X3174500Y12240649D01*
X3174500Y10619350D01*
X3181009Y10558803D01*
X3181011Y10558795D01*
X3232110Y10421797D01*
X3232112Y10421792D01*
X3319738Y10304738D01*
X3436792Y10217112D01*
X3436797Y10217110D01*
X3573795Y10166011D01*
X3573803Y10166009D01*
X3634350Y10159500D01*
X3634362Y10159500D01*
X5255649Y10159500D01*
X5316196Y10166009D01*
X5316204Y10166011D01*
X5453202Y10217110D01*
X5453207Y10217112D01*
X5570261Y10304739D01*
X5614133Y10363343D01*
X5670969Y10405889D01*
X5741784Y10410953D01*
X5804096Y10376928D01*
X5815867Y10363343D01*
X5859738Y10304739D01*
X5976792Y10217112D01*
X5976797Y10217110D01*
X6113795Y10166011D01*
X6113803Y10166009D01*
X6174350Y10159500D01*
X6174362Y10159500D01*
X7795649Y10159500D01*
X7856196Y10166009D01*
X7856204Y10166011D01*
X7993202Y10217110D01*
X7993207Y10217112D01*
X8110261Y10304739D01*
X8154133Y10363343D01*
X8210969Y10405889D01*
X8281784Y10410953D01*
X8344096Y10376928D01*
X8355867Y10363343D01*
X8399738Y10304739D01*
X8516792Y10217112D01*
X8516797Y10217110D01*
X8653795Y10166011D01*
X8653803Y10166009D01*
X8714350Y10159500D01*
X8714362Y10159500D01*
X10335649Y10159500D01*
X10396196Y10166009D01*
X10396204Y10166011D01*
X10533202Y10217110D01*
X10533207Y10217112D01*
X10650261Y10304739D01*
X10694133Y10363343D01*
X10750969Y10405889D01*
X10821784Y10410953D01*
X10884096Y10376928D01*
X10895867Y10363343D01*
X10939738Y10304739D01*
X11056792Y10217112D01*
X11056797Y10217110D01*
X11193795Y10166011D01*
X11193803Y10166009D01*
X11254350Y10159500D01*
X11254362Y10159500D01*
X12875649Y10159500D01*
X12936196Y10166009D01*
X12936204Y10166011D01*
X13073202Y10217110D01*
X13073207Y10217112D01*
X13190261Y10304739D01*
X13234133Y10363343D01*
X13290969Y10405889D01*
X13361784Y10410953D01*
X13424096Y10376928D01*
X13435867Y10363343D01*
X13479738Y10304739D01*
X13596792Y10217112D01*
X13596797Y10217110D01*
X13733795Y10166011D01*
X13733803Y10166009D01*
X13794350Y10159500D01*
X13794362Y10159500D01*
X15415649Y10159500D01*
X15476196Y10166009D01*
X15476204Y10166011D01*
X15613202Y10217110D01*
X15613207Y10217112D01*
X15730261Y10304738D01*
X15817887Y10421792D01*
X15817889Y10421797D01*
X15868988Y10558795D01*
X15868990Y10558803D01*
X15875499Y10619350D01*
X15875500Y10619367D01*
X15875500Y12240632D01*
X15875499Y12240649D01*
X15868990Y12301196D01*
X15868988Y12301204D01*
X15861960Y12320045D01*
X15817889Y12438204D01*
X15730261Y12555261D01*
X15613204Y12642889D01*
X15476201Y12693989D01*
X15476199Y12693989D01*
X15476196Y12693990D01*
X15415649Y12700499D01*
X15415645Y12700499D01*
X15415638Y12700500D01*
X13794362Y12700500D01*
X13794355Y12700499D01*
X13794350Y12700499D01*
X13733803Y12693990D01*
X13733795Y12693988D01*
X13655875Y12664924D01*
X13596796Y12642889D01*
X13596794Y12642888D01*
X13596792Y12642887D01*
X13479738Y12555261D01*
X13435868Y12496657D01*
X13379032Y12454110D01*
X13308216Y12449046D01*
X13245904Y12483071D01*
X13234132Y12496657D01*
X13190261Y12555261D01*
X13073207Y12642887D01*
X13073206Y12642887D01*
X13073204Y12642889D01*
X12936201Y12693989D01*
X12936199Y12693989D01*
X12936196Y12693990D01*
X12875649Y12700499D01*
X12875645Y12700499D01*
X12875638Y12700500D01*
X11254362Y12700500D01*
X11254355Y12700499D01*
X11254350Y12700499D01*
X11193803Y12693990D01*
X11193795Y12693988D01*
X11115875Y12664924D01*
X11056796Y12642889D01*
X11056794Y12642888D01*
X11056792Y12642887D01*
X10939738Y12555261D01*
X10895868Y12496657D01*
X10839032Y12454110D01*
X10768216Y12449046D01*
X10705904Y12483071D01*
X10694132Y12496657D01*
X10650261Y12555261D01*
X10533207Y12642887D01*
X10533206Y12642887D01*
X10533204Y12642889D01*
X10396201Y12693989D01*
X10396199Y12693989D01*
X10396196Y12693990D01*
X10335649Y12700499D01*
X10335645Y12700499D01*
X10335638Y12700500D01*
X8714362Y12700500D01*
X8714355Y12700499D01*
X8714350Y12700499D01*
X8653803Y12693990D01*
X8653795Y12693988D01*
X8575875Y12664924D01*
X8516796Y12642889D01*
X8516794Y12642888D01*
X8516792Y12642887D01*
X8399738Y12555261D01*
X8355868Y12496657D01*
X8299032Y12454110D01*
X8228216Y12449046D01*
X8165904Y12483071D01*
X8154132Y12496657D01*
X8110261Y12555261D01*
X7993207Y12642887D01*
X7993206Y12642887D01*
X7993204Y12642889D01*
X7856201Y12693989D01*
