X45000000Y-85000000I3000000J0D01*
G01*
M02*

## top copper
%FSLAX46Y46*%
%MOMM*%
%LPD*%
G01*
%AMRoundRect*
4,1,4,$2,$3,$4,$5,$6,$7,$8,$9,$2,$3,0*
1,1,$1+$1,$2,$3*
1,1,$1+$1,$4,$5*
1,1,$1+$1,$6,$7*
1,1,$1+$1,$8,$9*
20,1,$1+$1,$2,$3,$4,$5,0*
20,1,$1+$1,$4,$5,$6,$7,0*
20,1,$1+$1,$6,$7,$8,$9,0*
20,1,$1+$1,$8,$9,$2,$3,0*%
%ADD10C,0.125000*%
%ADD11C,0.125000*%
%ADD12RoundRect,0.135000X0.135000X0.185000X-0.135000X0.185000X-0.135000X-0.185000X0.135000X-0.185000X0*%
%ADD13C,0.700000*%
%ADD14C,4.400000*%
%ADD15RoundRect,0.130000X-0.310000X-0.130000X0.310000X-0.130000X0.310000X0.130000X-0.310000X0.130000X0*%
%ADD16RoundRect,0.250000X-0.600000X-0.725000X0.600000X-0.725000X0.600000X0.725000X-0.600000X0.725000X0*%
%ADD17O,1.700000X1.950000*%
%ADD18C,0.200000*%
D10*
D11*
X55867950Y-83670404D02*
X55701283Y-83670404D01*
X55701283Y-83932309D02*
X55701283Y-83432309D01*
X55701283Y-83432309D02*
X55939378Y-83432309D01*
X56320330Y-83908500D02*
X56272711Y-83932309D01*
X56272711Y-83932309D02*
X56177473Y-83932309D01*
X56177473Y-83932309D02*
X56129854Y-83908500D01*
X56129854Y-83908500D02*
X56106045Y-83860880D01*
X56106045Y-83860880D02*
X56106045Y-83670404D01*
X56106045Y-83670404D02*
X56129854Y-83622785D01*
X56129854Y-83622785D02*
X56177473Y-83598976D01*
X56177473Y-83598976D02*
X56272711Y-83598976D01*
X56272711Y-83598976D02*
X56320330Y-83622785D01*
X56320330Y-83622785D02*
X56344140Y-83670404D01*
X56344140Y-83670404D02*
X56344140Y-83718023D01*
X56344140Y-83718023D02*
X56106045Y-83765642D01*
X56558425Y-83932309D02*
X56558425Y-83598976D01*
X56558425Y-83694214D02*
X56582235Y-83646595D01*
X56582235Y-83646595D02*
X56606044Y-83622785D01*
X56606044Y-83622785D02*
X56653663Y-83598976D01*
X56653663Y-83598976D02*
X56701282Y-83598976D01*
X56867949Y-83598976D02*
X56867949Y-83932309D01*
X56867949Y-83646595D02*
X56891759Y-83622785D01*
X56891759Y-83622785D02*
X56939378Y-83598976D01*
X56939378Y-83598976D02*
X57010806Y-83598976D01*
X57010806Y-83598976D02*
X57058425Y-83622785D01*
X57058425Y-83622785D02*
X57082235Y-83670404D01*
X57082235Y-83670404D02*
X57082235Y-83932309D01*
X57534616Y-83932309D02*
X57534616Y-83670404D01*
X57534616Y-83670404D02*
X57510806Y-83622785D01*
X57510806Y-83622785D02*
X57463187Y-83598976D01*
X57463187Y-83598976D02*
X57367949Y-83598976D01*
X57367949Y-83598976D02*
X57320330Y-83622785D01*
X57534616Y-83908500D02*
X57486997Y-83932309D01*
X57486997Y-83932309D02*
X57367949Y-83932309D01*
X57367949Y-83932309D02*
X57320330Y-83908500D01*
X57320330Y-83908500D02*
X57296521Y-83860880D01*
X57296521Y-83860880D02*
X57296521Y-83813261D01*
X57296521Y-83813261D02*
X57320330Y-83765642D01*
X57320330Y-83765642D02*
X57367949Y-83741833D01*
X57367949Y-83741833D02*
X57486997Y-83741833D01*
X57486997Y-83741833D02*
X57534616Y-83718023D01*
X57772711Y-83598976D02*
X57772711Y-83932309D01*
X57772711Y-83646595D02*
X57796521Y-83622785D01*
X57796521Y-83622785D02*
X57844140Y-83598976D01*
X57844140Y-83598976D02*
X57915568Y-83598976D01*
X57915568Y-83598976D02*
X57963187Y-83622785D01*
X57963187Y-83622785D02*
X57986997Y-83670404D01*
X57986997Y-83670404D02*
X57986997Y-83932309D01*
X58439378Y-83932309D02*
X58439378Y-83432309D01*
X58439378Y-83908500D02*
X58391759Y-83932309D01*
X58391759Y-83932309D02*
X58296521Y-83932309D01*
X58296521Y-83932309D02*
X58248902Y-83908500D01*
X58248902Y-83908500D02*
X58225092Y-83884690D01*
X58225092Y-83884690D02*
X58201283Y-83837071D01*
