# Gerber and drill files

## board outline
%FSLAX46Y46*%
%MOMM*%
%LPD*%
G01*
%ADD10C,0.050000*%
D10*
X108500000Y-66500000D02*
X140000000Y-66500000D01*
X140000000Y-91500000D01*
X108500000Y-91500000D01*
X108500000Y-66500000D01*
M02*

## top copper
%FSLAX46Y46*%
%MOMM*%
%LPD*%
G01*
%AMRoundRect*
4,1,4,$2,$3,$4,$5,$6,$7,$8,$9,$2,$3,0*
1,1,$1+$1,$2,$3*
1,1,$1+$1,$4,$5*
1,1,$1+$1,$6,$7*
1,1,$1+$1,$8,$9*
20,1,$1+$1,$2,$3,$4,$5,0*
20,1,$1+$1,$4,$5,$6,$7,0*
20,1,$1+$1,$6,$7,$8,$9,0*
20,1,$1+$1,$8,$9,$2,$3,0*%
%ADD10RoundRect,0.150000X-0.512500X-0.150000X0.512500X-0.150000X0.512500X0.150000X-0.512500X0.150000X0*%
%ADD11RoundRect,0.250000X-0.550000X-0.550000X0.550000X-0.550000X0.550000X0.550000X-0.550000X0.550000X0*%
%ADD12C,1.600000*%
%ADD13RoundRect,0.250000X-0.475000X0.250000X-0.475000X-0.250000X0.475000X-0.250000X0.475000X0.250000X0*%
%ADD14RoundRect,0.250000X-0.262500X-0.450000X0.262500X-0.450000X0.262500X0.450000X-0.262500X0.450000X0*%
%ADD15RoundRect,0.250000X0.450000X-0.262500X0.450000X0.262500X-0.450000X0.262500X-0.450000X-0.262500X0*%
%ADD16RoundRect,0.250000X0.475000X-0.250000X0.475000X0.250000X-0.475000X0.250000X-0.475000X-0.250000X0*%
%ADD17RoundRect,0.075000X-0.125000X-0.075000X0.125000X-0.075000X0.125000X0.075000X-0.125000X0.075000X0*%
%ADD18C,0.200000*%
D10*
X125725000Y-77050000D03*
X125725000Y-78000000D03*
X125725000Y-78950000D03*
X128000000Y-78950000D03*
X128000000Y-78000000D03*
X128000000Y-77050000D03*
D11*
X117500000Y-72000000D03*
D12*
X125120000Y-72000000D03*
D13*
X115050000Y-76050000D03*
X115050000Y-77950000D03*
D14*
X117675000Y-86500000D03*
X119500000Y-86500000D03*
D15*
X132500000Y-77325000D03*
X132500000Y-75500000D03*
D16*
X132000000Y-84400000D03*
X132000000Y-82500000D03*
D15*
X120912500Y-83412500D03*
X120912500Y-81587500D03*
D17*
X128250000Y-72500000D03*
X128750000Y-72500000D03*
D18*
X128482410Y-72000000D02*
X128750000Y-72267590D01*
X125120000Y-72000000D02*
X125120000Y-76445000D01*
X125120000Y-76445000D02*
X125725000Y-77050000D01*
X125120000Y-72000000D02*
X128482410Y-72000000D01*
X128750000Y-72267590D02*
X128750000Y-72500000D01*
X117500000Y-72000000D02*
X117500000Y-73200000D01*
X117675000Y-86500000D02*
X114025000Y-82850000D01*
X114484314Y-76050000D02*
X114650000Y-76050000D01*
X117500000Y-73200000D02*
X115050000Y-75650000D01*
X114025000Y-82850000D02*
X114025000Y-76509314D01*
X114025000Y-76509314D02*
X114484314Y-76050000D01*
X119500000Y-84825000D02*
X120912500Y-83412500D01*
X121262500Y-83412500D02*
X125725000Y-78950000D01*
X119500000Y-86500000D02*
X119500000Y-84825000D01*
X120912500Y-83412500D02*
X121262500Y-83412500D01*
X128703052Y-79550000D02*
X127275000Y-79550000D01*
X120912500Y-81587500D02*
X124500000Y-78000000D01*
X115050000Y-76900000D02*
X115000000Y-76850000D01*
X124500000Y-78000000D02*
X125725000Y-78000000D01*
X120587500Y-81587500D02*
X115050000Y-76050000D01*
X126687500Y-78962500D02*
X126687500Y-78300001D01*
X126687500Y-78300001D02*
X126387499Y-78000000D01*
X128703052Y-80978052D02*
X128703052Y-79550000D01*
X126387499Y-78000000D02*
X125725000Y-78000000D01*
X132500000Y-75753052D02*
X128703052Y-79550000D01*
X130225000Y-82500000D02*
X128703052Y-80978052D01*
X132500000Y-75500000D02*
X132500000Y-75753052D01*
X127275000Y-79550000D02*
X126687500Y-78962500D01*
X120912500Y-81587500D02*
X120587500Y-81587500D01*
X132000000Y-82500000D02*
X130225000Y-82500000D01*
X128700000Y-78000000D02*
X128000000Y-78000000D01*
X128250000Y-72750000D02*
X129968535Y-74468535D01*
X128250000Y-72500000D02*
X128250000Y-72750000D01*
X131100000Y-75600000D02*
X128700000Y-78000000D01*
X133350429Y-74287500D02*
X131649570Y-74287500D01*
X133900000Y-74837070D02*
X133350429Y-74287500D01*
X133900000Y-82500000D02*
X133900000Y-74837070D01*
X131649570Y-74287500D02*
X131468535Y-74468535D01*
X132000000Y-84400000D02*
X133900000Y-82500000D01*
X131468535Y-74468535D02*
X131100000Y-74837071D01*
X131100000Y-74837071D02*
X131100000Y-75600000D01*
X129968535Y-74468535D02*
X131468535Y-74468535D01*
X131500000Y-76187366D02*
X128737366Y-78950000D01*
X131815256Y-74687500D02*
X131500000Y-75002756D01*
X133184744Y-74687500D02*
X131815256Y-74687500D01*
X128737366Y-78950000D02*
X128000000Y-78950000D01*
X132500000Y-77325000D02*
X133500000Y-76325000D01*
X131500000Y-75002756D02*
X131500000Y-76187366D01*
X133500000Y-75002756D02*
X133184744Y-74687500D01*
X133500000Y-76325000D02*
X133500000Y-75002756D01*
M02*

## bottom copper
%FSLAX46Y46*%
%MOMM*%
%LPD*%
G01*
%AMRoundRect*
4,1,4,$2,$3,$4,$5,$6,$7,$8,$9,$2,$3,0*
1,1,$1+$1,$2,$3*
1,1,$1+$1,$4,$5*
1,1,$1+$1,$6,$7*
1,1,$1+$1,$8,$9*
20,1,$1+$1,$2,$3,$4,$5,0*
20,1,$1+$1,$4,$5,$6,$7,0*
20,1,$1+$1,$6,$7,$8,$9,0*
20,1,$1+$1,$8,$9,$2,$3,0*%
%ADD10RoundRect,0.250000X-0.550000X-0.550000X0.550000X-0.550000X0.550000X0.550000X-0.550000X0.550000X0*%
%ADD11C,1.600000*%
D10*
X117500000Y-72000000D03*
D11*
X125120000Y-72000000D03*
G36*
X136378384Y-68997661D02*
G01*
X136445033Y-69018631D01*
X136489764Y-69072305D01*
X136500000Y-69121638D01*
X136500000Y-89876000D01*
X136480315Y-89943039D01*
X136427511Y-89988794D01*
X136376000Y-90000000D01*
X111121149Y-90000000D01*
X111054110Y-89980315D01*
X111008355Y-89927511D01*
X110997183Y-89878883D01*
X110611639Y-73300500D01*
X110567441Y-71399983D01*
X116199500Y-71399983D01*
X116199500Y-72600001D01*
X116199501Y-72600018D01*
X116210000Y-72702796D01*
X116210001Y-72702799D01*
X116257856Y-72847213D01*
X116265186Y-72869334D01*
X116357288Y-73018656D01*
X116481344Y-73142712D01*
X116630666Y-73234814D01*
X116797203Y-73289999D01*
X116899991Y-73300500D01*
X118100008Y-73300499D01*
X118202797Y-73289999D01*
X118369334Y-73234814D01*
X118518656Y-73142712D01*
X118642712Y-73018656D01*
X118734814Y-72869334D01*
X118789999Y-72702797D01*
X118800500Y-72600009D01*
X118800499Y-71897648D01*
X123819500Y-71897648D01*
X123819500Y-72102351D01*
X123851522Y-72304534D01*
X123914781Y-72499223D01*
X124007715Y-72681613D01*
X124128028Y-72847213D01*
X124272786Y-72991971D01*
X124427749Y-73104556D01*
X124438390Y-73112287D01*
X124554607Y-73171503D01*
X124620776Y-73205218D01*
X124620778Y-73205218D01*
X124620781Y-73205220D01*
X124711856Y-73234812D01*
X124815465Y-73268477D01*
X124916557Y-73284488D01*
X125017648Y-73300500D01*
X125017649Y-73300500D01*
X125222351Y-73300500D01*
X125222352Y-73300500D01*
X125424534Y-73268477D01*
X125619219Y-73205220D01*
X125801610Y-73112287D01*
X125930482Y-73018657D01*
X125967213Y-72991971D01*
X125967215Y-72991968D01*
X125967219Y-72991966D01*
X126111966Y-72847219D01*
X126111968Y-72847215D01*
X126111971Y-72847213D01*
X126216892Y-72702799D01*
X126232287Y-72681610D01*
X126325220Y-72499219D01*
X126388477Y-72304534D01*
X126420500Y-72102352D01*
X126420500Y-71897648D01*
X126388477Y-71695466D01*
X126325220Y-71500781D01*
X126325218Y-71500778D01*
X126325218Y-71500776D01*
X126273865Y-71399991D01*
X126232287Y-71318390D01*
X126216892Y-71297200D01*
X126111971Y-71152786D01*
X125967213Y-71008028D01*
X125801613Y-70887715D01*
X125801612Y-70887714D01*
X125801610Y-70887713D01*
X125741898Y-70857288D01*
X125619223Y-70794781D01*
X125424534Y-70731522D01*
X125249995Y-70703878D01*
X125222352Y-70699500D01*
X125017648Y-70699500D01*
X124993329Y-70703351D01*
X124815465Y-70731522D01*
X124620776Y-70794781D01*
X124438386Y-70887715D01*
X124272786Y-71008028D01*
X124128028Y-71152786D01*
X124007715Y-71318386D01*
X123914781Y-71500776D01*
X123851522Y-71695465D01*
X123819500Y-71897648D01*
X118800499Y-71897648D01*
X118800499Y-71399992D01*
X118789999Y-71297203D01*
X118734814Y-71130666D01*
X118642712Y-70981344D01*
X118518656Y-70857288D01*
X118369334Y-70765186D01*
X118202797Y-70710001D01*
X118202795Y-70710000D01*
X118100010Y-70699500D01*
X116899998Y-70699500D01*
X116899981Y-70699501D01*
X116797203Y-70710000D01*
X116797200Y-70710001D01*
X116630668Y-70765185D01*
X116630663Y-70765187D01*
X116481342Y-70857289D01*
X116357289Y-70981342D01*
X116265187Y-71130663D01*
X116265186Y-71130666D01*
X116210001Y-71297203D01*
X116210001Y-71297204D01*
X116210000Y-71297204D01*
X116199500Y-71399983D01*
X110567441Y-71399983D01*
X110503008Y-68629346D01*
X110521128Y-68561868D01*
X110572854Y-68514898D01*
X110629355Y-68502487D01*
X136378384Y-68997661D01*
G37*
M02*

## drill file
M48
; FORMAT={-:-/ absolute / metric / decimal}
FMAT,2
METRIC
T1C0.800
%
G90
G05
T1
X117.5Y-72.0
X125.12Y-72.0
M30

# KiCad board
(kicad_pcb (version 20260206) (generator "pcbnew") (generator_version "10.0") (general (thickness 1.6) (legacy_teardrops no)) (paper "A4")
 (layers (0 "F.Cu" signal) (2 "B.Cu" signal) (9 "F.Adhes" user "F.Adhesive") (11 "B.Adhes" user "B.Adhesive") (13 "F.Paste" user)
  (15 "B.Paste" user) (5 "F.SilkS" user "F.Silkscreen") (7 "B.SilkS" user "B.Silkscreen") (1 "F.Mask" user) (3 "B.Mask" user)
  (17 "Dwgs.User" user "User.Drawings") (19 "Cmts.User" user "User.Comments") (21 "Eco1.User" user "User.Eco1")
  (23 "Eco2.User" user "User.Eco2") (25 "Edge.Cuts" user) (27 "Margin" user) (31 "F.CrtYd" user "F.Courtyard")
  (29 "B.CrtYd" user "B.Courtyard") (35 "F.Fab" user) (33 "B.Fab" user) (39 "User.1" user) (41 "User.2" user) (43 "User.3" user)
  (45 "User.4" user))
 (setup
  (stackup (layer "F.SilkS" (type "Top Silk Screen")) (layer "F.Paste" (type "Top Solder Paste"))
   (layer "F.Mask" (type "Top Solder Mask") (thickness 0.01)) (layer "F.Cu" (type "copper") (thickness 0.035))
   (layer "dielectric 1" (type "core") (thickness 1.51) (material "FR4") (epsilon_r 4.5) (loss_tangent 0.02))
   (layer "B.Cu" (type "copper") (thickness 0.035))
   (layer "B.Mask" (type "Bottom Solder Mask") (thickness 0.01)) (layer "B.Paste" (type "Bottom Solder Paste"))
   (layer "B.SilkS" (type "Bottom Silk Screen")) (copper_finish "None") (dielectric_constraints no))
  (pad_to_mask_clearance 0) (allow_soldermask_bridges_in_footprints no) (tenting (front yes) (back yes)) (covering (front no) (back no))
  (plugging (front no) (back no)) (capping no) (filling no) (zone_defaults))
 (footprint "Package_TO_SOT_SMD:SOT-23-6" (layer "F.Cu") (at 126.8625 78)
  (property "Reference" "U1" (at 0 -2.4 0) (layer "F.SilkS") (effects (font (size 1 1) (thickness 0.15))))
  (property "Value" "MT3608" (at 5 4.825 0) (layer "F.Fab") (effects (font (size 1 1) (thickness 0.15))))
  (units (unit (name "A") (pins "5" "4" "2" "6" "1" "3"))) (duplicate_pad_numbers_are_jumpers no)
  (pad "1" smd roundrect (at -1.1375 -0.95) (size 1.325 0.6) (layers "F.Cu" "F.Mask" "F.Paste") (roundrect_rratio 0.25) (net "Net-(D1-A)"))
  (pad "2" smd roundrect (at -1.1375 0) (size 1.325 0.6) (layers "F.Cu" "F.Mask" "F.Paste") (roundrect_rratio 0.25) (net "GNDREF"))
  (pad "3" smd roundrect (at -1.1375 0.95) (size 1.325 0.6) (layers "F.Cu" "F.Mask" "F.Paste") (roundrect_rratio 0.25) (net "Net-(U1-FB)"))
  (pad "4" smd roundrect (at 1.1375 0.95) (size 1.325 0.6) (layers "F.Cu" "F.Mask" "F.Paste") (roundrect_rratio 0.25) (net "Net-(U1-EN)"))
  (pad "5" smd roundrect (at 1.1375 0) (size 1.325 0.6) (layers "F.Cu" "F.Mask" "F.Paste") (roundrect_rratio 0.25) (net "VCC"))
  (pad "6" smd roundrect (at 1.1375 -0.95) (size 1.325 0.6) (layers "F.Cu" "F.Mask" "F.Paste") (roundrect_rratio 0.25)
   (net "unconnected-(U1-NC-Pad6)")))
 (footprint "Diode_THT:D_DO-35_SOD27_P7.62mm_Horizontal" (layer "F.Cu") (at 117.5 72)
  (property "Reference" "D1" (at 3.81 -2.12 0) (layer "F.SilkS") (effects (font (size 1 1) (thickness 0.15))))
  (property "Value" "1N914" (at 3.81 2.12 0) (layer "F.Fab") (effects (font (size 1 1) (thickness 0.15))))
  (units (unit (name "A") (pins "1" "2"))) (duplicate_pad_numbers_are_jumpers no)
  (pad "1" thru_hole roundrect (at 0 0) (size 1.6 1.6) (drill 0.8) (layers "*.Cu" "*.Mask") (remove_unused_layers no)
   (roundrect_rratio 0.15625) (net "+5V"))
  (pad "2" thru_hole circle (at 7.62 0) (size 1.6 1.6) (drill 0.8) (layers "*.Cu" "*.Mask") (remove_unused_layers no) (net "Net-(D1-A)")))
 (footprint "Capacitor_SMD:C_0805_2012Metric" (layer "F.Cu") (at 115.05 77 -90)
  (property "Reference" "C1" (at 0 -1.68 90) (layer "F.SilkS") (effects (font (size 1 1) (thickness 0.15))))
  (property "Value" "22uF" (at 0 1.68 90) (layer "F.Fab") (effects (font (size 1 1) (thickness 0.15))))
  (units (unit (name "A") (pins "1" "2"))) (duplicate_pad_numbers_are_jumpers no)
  (pad "1" smd roundrect (at -0.95 0 270) (size 1 1.45) (layers "F.Cu" "F.Mask" "F.Paste") (roundrect_rratio 0.25) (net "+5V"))
  (pad "2" smd roundrect (at 0.95 0 270) (size 1 1.45) (layers "F.Cu" "F.Mask" "F.Paste") (roundrect_rratio 0.25) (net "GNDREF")))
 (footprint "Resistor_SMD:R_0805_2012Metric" (layer "F.Cu") (at 118.5875 86.5)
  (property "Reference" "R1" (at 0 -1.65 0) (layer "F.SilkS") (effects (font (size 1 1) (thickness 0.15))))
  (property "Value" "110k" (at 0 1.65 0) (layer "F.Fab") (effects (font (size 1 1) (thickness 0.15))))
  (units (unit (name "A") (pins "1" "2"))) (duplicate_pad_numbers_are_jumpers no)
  (pad "1" smd roundrect (at -0.9125 0) (size 1.025 1.4) (layers "F.Cu" "F.Mask" "F.Paste") (roundrect_rratio 0.243902) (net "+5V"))
  (pad "2" smd roundrect (at 0.9125 0) (size 1.025 1.4) (layers "F.Cu" "F.Mask" "F.Paste") (roundrect_rratio 0.243902) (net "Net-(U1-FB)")))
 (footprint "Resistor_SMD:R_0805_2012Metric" (layer "F.Cu") (at 132.5 76.4125 90)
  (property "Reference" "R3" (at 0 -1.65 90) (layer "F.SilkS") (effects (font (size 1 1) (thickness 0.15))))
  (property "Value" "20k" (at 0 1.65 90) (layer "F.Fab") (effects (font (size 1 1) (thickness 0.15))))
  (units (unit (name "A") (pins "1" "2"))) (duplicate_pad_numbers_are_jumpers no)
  (pad "1" smd roundrect (at -0.9125 0 90) (size 1.025 1.4) (layers "F.Cu" "F.Mask" "F.Paste") (roundrect_rratio 0.243902)
   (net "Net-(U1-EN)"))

━━━━━━

About this exercise:
Where a line of the records has the string "Courtyard", copy that line.

Solution to the problem:
  (23 "Eco2.User" user "User.Eco2") (25 "Edge.Cuts" user) (27 "Margin" user) (31 "F.CrtYd" user "F.Courtyard")
  (29 "B.CrtYd" user "B.Courtyard") (35 "F.Fab" user) (33 "B.Fab" user) (39 "User.1" user) (41 "User.2" user) (43 "User.3" user)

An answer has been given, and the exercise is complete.